• **PROBLEM TO WORK ON**:
Please copy, exactly as they appear below, the lines from the one containing "X115970000Y-74125000D01*" through the one containing "X126365000Y-92551250D02*".

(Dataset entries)
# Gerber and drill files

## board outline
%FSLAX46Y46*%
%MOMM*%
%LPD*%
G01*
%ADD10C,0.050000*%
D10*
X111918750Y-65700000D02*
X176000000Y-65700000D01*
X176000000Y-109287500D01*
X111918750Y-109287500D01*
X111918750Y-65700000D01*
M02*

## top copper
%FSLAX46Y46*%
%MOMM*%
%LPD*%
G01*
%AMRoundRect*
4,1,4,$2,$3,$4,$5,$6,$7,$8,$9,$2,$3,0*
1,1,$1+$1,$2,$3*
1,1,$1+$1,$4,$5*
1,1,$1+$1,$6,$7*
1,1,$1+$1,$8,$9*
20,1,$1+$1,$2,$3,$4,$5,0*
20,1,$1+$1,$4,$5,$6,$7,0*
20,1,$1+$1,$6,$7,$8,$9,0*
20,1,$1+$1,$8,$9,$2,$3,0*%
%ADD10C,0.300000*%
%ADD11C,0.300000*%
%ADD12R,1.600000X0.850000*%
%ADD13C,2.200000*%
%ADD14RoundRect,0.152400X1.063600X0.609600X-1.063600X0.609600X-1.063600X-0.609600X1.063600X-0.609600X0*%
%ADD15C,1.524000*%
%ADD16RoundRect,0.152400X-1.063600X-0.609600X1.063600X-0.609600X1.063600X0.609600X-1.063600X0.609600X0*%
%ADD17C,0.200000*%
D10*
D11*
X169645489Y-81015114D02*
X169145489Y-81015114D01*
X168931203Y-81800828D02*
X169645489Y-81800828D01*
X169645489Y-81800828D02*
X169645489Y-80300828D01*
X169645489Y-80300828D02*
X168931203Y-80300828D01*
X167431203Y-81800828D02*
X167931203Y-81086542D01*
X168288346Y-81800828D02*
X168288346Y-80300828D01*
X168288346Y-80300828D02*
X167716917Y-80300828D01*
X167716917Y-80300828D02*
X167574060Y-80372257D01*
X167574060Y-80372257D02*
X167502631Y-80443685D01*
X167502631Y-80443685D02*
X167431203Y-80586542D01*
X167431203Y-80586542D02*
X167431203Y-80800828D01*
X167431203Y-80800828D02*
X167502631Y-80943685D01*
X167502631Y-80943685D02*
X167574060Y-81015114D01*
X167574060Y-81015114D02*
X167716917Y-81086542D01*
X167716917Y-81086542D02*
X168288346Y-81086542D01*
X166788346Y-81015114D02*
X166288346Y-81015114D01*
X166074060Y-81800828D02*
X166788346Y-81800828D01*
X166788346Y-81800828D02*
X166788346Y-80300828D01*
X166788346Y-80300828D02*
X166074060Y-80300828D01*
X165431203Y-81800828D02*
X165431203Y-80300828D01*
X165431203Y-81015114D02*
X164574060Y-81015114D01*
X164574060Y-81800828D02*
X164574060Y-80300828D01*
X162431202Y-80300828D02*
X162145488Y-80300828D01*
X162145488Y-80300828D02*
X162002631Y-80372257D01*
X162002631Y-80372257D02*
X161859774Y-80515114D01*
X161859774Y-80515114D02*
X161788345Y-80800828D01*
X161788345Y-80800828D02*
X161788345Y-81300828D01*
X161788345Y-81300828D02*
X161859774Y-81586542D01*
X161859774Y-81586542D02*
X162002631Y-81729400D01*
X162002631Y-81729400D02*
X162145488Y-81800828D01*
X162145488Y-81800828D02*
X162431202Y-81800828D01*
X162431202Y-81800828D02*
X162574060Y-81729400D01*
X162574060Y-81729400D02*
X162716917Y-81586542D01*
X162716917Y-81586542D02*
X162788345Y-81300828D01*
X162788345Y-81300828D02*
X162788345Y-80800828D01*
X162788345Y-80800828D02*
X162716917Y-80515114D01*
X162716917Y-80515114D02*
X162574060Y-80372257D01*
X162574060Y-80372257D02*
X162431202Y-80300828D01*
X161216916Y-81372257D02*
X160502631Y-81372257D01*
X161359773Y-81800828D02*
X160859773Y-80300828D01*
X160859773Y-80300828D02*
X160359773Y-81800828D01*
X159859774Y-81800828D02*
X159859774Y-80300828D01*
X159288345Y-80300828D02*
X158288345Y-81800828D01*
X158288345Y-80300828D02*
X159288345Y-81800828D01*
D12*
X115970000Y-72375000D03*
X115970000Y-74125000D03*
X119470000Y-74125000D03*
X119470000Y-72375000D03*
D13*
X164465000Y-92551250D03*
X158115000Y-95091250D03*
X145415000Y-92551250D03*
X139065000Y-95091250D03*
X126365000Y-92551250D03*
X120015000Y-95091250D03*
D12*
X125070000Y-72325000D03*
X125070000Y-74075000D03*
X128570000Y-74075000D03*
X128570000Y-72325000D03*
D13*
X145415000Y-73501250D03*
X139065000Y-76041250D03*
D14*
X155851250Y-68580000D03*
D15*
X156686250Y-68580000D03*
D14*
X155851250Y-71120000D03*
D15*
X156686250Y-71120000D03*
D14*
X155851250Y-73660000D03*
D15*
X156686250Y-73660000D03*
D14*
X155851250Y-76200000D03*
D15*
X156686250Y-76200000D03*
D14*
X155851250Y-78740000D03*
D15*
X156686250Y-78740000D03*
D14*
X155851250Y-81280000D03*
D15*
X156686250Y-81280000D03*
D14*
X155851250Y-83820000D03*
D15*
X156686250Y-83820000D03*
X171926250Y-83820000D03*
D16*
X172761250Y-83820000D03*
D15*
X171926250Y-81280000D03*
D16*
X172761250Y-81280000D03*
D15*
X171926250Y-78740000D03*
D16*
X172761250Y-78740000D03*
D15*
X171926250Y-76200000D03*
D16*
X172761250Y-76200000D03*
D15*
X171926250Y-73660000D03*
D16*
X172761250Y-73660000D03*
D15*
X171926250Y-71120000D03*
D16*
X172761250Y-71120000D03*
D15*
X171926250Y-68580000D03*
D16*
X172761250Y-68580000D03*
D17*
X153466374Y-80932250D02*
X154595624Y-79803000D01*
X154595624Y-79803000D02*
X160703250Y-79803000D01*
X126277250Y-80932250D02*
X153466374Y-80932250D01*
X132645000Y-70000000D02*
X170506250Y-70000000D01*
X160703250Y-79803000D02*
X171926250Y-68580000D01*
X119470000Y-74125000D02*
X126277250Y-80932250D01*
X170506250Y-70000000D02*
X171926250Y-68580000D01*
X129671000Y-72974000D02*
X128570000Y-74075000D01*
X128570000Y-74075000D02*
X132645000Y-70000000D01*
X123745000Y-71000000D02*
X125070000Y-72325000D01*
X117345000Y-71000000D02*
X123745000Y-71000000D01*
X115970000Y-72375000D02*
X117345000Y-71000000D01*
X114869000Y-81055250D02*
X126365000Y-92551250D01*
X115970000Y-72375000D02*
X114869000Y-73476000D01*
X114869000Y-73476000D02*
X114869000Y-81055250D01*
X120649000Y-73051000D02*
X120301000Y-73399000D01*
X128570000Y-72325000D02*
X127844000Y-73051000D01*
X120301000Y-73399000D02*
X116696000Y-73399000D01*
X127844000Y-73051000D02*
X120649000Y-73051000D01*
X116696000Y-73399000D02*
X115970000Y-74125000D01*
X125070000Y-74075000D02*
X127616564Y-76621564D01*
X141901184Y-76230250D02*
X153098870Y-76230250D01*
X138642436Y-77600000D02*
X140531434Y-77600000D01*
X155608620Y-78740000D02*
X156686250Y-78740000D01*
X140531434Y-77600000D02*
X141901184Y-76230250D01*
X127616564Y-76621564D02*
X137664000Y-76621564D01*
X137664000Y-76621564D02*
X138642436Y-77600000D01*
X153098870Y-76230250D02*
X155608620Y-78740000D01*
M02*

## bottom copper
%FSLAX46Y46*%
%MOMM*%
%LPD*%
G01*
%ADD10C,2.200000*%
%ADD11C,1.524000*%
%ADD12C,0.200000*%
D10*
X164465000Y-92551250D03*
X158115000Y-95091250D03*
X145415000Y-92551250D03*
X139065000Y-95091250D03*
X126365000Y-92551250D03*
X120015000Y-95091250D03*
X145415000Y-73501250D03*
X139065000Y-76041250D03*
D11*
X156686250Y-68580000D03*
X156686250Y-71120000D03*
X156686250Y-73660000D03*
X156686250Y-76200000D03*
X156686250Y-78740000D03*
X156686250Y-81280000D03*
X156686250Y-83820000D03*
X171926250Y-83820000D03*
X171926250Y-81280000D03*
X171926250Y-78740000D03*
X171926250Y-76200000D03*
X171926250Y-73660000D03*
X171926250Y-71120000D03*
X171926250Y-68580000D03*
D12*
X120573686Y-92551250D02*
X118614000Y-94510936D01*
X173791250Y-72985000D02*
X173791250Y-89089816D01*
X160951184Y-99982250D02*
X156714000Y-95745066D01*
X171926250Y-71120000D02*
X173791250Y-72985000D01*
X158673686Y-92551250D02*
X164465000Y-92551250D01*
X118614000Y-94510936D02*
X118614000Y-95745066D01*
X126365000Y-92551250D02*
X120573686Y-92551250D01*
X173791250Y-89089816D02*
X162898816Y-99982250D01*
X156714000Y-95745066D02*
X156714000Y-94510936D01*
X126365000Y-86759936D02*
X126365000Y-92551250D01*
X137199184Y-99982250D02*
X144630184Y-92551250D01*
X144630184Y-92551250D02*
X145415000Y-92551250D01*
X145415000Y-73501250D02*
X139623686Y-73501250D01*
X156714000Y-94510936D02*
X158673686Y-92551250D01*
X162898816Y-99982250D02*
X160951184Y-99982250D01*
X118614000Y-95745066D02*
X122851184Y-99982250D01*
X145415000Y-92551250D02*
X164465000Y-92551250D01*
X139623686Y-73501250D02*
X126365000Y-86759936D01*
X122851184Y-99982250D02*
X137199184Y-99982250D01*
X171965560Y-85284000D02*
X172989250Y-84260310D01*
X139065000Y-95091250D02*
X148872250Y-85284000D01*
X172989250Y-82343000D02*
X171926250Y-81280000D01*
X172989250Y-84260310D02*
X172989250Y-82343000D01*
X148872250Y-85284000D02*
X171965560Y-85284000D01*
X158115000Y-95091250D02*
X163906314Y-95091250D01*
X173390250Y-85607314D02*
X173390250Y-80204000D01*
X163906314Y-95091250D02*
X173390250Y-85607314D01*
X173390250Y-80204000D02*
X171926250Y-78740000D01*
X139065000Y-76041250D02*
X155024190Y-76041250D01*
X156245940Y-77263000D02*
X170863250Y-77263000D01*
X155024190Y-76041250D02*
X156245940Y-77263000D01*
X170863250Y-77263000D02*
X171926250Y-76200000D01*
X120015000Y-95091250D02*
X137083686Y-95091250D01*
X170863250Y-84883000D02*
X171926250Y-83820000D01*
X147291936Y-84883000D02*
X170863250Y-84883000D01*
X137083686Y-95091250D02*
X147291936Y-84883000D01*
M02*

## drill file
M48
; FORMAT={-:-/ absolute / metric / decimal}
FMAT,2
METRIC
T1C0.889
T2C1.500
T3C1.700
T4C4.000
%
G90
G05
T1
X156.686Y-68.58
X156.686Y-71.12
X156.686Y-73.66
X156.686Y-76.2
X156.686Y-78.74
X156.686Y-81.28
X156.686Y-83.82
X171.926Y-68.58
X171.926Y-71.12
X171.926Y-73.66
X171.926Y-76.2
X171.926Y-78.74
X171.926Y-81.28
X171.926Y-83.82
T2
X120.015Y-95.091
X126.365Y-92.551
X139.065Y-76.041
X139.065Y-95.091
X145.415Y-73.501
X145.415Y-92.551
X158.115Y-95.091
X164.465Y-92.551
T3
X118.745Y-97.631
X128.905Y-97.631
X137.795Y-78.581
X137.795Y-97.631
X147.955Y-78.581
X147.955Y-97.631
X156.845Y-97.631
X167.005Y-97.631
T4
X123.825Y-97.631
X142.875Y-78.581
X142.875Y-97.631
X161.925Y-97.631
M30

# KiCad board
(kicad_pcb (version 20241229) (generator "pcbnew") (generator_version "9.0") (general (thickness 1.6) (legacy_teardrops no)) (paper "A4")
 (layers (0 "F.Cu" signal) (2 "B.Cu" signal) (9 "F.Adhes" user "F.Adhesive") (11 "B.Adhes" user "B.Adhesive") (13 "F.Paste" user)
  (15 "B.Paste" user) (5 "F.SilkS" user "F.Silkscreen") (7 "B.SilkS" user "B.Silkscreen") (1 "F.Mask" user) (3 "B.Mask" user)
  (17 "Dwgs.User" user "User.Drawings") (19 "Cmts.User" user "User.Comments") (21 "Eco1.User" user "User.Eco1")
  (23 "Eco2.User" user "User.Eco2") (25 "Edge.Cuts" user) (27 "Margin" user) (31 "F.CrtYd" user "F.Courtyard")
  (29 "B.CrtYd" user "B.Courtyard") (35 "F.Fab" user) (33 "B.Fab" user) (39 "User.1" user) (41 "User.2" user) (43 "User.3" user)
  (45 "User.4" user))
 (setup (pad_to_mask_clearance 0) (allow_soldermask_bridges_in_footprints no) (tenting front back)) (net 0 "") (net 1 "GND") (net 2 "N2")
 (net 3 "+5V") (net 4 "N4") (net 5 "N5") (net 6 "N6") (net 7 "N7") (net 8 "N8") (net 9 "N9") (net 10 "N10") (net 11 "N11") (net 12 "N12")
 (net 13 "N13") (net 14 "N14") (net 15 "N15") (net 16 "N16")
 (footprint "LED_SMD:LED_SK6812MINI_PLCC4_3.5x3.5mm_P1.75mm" (layer "F.Cu") (at 117.72 73.25)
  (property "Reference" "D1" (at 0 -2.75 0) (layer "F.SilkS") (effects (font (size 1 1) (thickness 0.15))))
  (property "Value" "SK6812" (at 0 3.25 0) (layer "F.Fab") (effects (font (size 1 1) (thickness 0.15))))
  (pad "1" smd rect (at -1.75 -0.875) (size 1.6 0.85) (layers "F.Cu" "F.Mask" "F.Paste") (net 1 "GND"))
  (pad "2" smd rect (at -1.75 0.875) (size 1.6 0.85) (layers "F.Cu" "F.Mask" "F.Paste") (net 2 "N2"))
  (pad "3" smd rect (at 1.75 0.875) (size 1.6 0.85) (layers "F.Cu" "F.Mask" "F.Paste") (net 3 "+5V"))
  (pad "4" smd rect (at 1.75 -0.875) (size 1.6 0.85) (layers "F.Cu" "F.Mask" "F.Paste") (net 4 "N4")))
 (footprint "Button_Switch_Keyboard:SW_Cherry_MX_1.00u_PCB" (layer "F.Cu") (at 164.465 92.55125)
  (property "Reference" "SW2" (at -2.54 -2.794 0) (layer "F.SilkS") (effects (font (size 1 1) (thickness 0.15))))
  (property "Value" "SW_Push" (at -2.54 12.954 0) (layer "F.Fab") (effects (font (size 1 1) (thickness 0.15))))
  (pad "" np_thru_hole circle (at -7.62 5.08) (size 1.7 1.7) (drill 1.7) (layers "*.Cu" "*.Mask"))
  (pad "" np_thru_hole circle (at -2.54 5.08) (size 4 4) (drill 4) (layers "*.Cu" "*.Mask"))
  (pad "" np_thru_hole circle (at 2.54 5.08) (size 1.7 1.7) (drill 1.7) (layers "*.Cu" "*.Mask"))
  (pad "1" thru_hole circle (at 0 0) (size 2.2 2.2) (drill 1.5) (layers "*.Cu" "*.Mask") (remove_unused_layers no) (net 1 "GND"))
  (pad "2" thru_hole circle (at -6.35 2.54) (size 2.2 2.2) (drill 1.5) (layers "*.Cu" "*.Mask") (remove_unused_layers no) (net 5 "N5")))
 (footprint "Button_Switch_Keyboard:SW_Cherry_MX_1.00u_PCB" (layer "F.Cu") (at 145.415 92.55125)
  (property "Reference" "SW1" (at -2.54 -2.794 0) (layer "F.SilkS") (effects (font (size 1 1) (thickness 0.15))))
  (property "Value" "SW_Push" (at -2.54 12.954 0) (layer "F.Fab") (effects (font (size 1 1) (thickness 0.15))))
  (pad "" np_thru_hole circle (at -7.62 5.08) (size 1.7 1.7) (drill 1.7) (layers "*.Cu" "*.Mask"))
  (pad "" np_thru_hole circle (at -2.54 5.08) (size 4 4) (drill 4) (layers "*.Cu" "*.Mask"))
  (pad "" np_thru_hole circle (at 2.54 5.08) (size 1.7 1.7) (drill 1.7) (layers "*.Cu" "*.Mask"))
  (pad "1" thru_hole circle (at 0 0) (size 2.2 2.2) (drill 1.5) (layers "*.Cu" "*.Mask") (remove_unused_layers no) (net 1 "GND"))
  (pad "2" thru_hole circle (at -6.35 2.54) (size 2.2 2.2) (drill 1.5) (layers "*.Cu" "*.Mask") (remove_unused_layers no) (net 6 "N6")))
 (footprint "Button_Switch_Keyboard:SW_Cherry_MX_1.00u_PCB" (layer "F.Cu") (at 126.365 92.55125)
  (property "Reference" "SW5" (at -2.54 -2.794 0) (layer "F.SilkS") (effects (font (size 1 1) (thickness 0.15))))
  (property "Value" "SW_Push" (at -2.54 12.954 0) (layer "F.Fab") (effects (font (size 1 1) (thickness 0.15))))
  (pad "" np_thru_hole circle (at -7.62 5.08) (size 1.7 1.7) (drill 1.7) (layers "*.Cu" "*.Mask"))
  (pad "" np_thru_hole circle (at -2.54 5.08) (size 4 4) (drill 4) (layers "*.Cu" "*.Mask"))
  (pad "" np_thru_hole circle (at 2.54 5.08) (size 1.7 1.7) (drill 1.7) (layers "*.Cu" "*.Mask"))
  (pad "1" thru_hole circle (at 0 0) (size 2.2 2.2) (drill 1.5) (layers "*.Cu" "*.Mask") (remove_unused_layers no) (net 1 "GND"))
  (pad "2" thru_hole circle (at -6.35 2.54) (size 2.2 2.2) (drill 1.5) (layers "*.Cu" "*.Mask") (remove_unused_layers no) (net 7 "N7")))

• **EXPECTED ANSWER**:
X115970000Y-74125000D01*
X125070000Y-74075000D02*
X127616564Y-76621564D01*
X141901184Y-76230250D02*
X153098870Y-76230250D01*
X138642436Y-77600000D02*
X140531434Y-77600000D01*
X155608620Y-78740000D02*
X156686250Y-78740000D01*
X140531434Y-77600000D02*
X141901184Y-76230250D01*
X127616564Y-76621564D02*
X137664000Y-76621564D01*
X137664000Y-76621564D02*
X138642436Y-77600000D01*
X153098870Y-76230250D02*
X155608620Y-78740000D01*
M02*

## bottom copper
%FSLAX46Y46*%
%MOMM*%
%LPD*%
G01*
%ADD10C,2.200000*%
%ADD11C,1.524000*%
%ADD12C,0.200000*%
D10*
X164465000Y-92551250D03*
X158115000Y-95091250D03*
X145415000Y-92551250D03*
X139065000Y-95091250D03*
X126365000Y-92551250D03*
X120015000Y-95091250D03*
X145415000Y-73501250D03*
X139065000Y-76041250D03*
D11*
X156686250Y-68580000D03*
X156686250Y-71120000D03*
X156686250Y-73660000D03*
X156686250Y-76200000D03*
X156686250Y-78740000D03*
X156686250Y-81280000D03*
X156686250Y-83820000D03*
X171926250Y-83820000D03*
X171926250Y-81280000D03*
X171926250Y-78740000D03*
X171926250Y-76200000D03*
X171926250Y-73660000D03*
X171926250Y-71120000D03*
X171926250Y-68580000D03*
D12*
X120573686Y-92551250D02*
X118614000Y-94510936D01*
X173791250Y-72985000D02*
X173791250Y-89089816D01*
X160951184Y-99982250D02*
X156714000Y-95745066D01*
X171926250Y-71120000D02*
X173791250Y-72985000D01*
X158673686Y-92551250D02*
X164465000Y-92551250D01*
X118614000Y-94510936D02*
X118614000Y-95745066D01*
X126365000Y-92551250D02*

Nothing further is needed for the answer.